So-called “Sanctuary Cities” have been drawing renewed attention across the country.

Chapel Hill and Carrboro have been sanctuary cities for nearly a decade.

Chapel Hill Mayor Mark Kleinschmidt was a member of the Town Council when the town adopted the policy.

“Back in 2007, a woman here in our community went to the police station in order to get a permit in order to sell her art,” he recalls. “When they put her name into the database, it revealed that her Student Visa had expired a long time prior to her pursuit of this permit.

“She was taken into custody and sent to Charlotte to be readied for deportation. That’s not the kind of policy that tends to advance our public safety goals and other important law enforcement goals.”

Kleinschmidt says that incident led the town to adopt a new policy.

“With a growing immigrant population,” he says, “we want to be a welcoming community, number one. But we also want to protect everyone who is living here in our community.

“We have very important law enforcement goals that demand that we protect the citizens, as well as any residents of Chapel Hill.”

Sanctuary Cities have been drawing attention after a woman in San Francisco was allegedly murdered by a seven-time felon who had been deported to Mexico five times, according to immigration officials.

Governor Pat McCrory issued a statement last week opposing sanctuary cities saying “there is no place for them in North Carolina.”

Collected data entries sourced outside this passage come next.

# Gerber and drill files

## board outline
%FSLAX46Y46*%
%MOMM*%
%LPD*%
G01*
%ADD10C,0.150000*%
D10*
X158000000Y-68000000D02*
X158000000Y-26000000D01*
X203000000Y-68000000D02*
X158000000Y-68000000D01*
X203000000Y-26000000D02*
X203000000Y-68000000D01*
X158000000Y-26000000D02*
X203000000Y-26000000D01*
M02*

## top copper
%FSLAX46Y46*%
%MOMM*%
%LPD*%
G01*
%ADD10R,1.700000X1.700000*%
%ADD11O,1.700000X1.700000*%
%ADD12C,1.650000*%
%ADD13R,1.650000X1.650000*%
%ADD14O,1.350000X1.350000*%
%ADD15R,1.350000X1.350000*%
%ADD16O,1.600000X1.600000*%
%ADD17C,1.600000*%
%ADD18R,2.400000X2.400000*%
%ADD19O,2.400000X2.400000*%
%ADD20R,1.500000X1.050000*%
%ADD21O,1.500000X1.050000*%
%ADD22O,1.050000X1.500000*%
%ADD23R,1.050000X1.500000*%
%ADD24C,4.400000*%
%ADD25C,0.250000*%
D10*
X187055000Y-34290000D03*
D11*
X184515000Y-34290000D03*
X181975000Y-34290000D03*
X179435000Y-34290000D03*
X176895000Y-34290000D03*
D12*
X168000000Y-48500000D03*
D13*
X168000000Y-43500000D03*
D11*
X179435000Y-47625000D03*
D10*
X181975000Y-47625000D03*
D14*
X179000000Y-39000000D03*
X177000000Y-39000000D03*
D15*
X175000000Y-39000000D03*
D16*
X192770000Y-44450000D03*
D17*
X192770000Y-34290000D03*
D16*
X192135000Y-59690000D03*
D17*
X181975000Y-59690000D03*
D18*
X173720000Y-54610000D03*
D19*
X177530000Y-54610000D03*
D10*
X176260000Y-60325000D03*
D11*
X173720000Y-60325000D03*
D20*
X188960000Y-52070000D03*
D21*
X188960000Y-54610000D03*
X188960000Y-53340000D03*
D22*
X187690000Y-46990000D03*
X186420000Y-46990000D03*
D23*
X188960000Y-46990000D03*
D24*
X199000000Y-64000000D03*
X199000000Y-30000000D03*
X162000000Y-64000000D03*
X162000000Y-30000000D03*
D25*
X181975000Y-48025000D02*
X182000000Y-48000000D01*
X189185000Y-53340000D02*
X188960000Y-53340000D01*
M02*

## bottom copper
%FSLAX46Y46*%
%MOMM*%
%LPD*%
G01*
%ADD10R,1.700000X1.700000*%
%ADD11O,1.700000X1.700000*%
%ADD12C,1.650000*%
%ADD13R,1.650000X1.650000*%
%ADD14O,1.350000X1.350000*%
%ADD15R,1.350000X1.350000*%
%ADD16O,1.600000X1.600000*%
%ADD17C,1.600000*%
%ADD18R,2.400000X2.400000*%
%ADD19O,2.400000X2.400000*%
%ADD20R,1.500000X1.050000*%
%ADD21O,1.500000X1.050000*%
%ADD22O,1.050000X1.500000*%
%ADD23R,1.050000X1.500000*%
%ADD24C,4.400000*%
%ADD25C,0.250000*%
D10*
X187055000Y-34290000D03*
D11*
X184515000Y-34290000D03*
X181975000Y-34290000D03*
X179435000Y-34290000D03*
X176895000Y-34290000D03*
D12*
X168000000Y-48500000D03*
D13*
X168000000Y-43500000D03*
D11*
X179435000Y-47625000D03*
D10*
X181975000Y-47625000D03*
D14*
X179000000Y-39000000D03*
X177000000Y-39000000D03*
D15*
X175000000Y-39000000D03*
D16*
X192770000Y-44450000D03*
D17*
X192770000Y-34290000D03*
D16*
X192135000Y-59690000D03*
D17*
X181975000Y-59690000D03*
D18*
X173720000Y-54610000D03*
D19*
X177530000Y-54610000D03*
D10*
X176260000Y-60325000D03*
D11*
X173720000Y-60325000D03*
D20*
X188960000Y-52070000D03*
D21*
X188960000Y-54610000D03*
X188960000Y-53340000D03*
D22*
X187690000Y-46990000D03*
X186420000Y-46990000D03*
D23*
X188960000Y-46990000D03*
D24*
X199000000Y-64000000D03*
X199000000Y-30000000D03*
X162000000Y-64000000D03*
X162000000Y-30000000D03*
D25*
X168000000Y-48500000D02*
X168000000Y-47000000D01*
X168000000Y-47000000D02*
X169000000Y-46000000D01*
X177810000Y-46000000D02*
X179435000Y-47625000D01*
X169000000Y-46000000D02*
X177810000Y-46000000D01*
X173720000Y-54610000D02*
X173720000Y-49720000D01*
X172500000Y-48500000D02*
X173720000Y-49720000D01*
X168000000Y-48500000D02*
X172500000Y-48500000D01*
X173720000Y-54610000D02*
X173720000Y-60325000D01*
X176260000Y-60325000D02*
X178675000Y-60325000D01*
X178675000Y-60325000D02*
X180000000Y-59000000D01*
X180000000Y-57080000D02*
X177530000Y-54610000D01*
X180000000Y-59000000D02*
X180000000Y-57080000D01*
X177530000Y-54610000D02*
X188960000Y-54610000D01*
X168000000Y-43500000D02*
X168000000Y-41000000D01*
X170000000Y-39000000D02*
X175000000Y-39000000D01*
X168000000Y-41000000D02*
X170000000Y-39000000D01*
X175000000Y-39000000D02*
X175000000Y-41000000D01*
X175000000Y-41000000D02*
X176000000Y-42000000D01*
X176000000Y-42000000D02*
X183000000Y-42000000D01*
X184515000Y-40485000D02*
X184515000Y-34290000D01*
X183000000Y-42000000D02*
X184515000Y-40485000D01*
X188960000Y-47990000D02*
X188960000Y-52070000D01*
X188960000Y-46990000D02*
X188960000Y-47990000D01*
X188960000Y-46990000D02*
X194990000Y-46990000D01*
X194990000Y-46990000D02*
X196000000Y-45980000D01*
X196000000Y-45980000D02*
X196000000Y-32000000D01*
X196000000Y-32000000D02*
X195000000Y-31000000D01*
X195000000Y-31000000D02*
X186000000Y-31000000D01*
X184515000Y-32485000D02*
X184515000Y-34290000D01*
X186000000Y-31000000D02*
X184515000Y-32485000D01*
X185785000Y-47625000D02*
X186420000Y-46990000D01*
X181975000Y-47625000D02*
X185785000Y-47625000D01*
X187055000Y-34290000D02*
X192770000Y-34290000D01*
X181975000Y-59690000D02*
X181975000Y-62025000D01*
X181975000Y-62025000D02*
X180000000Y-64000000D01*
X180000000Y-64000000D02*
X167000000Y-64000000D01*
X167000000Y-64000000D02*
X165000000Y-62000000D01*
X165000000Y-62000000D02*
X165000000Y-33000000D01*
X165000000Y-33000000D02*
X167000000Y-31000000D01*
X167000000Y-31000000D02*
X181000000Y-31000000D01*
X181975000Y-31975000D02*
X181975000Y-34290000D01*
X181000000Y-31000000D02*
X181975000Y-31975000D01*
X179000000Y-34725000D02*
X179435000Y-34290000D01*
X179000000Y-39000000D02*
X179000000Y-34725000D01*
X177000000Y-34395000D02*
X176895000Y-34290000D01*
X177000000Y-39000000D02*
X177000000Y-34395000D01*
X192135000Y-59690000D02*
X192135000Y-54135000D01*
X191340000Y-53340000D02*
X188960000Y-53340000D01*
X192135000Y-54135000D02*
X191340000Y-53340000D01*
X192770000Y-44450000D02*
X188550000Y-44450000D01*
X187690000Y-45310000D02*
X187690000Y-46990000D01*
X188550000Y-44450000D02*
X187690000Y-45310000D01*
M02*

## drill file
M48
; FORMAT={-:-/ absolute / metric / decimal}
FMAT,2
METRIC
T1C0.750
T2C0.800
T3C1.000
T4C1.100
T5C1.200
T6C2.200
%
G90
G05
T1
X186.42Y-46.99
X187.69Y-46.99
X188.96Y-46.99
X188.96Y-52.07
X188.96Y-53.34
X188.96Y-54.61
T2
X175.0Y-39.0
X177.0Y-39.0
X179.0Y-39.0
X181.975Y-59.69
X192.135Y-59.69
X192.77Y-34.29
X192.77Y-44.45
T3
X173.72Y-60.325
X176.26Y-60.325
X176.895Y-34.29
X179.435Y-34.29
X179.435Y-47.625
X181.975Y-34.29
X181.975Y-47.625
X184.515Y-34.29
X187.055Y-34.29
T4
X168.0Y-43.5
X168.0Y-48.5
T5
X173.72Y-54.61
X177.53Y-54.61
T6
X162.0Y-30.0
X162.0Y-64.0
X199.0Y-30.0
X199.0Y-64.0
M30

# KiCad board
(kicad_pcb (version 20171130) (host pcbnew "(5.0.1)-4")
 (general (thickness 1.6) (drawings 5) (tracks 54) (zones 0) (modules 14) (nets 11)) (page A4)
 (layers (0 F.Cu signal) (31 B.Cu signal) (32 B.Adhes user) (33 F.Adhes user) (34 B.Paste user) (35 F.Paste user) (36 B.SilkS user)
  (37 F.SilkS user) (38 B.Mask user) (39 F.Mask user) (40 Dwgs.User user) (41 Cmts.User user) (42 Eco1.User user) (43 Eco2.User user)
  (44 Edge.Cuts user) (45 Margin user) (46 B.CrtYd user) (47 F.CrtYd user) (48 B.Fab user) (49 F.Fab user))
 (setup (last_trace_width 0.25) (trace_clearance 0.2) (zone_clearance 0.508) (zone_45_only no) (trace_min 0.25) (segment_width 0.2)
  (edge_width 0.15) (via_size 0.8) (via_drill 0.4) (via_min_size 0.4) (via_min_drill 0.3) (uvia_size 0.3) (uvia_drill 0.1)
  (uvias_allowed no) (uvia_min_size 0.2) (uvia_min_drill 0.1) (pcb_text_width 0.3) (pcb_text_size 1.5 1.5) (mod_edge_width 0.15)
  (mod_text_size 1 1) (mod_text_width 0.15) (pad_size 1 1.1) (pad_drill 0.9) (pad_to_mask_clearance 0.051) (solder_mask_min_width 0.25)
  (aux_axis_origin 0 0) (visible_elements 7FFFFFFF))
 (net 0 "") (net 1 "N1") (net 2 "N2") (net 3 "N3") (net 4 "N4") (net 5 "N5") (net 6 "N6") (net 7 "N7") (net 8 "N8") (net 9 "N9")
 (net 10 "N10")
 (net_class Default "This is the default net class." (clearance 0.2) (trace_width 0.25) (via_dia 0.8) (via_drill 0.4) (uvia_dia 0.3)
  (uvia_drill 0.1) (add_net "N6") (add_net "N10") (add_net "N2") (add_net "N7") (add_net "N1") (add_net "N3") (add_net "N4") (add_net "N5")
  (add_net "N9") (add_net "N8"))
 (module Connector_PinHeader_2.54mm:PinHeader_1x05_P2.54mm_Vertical (layer F.Cu) (at 187.055 34.29 270)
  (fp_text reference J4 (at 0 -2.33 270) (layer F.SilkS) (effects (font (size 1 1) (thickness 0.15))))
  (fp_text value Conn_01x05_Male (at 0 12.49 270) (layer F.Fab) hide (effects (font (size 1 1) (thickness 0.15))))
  (pad 1 thru_hole rect (at 0 0 270) (size 1.7 1.7) (drill 1) (layers *.Cu *.Mask) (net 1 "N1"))
  (pad 2 thru_hole oval (at 0 2.54 270) (size 1.7 1.7) (drill 1) (layers *.Cu *.Mask) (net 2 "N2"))
  (pad 3 thru_hole oval (at 0 5.08 270) (size 1.7 1.7) (drill 1) (layers *.Cu *.Mask) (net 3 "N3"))
  (pad 4 thru_hole oval (at 0 7.62 270) (size 1.7 1.7) (drill 1) (layers *.Cu *.Mask) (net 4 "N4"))
  (pad 5 thru_hole oval (at 0 10.16 270) (size 1.7 1.7) (drill 1) (layers *.Cu *.Mask) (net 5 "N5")))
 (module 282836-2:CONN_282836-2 (layer F.Cu) (at 168 46 270)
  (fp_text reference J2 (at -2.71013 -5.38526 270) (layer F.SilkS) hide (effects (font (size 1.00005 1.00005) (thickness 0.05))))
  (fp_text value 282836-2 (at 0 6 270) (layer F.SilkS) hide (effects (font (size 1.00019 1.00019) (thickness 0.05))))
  (pad 2 thru_hole circle (at 2.5 0 270) (size 1.65 1.65) (drill 1.1) (layers *.Cu *.Mask) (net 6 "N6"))
  (pad 1 thru_hole rect (at -2.5 0 270) (size 1.65 1.65) (drill 1.1) (layers *.Cu *.Mask) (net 2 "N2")))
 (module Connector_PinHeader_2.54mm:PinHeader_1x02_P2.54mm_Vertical (layer F.Cu) (at 181.975 47.625 270)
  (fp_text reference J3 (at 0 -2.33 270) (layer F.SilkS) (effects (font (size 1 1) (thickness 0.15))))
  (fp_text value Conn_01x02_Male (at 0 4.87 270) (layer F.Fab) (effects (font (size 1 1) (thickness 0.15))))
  (pad 2 thru_hole oval (at 0 2.54 270) (size 1.7 1.7) (drill 1) (layers *.Cu *.Mask) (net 6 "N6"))
  (pad 1 thru_hole rect (at 0 0 270) (size 1.7 1.7) (drill 1) (layers *.Cu *.Mask) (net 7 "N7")))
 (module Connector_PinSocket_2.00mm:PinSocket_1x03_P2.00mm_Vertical (layer F.Cu) (at 175 39 90)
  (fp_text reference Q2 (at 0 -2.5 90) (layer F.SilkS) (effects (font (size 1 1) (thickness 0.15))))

The governor ended his comments at the Annual Training Conference of the North Carolina Sheriff’s Association with, “We cannot allow any sanctuary for drug traffickers, human traffickers or violent criminals in our state.”

Kleinschmidt says, on this note, he is in complete agreement with McCrory.

“I think that every elected official and citizen of every community in this state,” he says, “agree that there is no tolerance for providing a safe haven for drug cartel members or violent criminals.

“And, in fact, the policies that we have in place express that lack of tolerance. None of us would support policies that would do such a thing.”

Kleinschmidt says by calling for the removal of sanctuary cities due to drug cartels, McCrory is missing the bigger picture.

“We have found that if we don’t report people to immigration when they have no history of violence [and] they have no history of being a deported criminal,” he says, “that it actually enhances our ability to create a safer community.”

Kleinschmidt adds if residents living in our town illegally are scared to go to law enforcement with concerns, then it will create more of an underground criminal presence.

Kleinschmidt says the situation in San Francisco highlights a breakdown in the federal immigration system and that this renewed focus on municipalities shifts the federal responsibility to local law enforcement.

“In that situation, you had someone who was actually being released from prison without having immigration informed,” he says. “And that’s not something that would happen here.

“And I don’t think it would happen there if you had people in place who were actually following the policy.”

Chapel Hill Police Chief Chris Blue says immigration status can put strain on law enforcement.

“I think if you talked to most law enforcement leaders, at the local level,” he says, “they will express concern about the conflicted position that immigration issues can put law enforcement in.”

Blue says Chapel Hill police have adopted policies in an effort to protect all residents of the town.

“It doesn’t mean that, local law enforcement, we don’t want to be good partners,” he says. “But the fact of the matter is, often times, the kinds of things that we learn may have resulted in an immigration detainer on someone are administrative kinds of issues.

“Local law enforcement, I think it’s fair to say, is not interested in detaining someone and turning them over to immigration officials because of some administrative mix-up that could be managed without having to take someone into custody.”

Blue is quick to point out this policy does not provide a safe haven for violent criminals.

“If we encounter someone and there’s some kind of federal immigration detainer on them that’s resulted from some violent act or some felonious act on the part of that person,” he says, “of course we would detain them and share that information with federal authorities.”

Blue adds if a resident has overstayed a Visa or has another administrative fault calling for their deportation, law enforcement will alert that person of the situation but will not take them into custody.

“We want people in our community, at the local level, to feel comfortable and confident that when they call law enforcement to some emergency,” he says, “that when we get there and after we resolve the emergency we’re not going to start checking people’s immigration status.”

An e-mail from McCrory’s press office told WCHL the governor is just voicing his opposition to sanctuary cities at this time and McCrory was making no enforcement demands.

Meanwhile at the federal level, US House Republicans have passed a bill that would remove the opportunity for local law enforcement from sanctuary cities to receive federal grant funds.

The White House has threatened to veto the proposed legislation.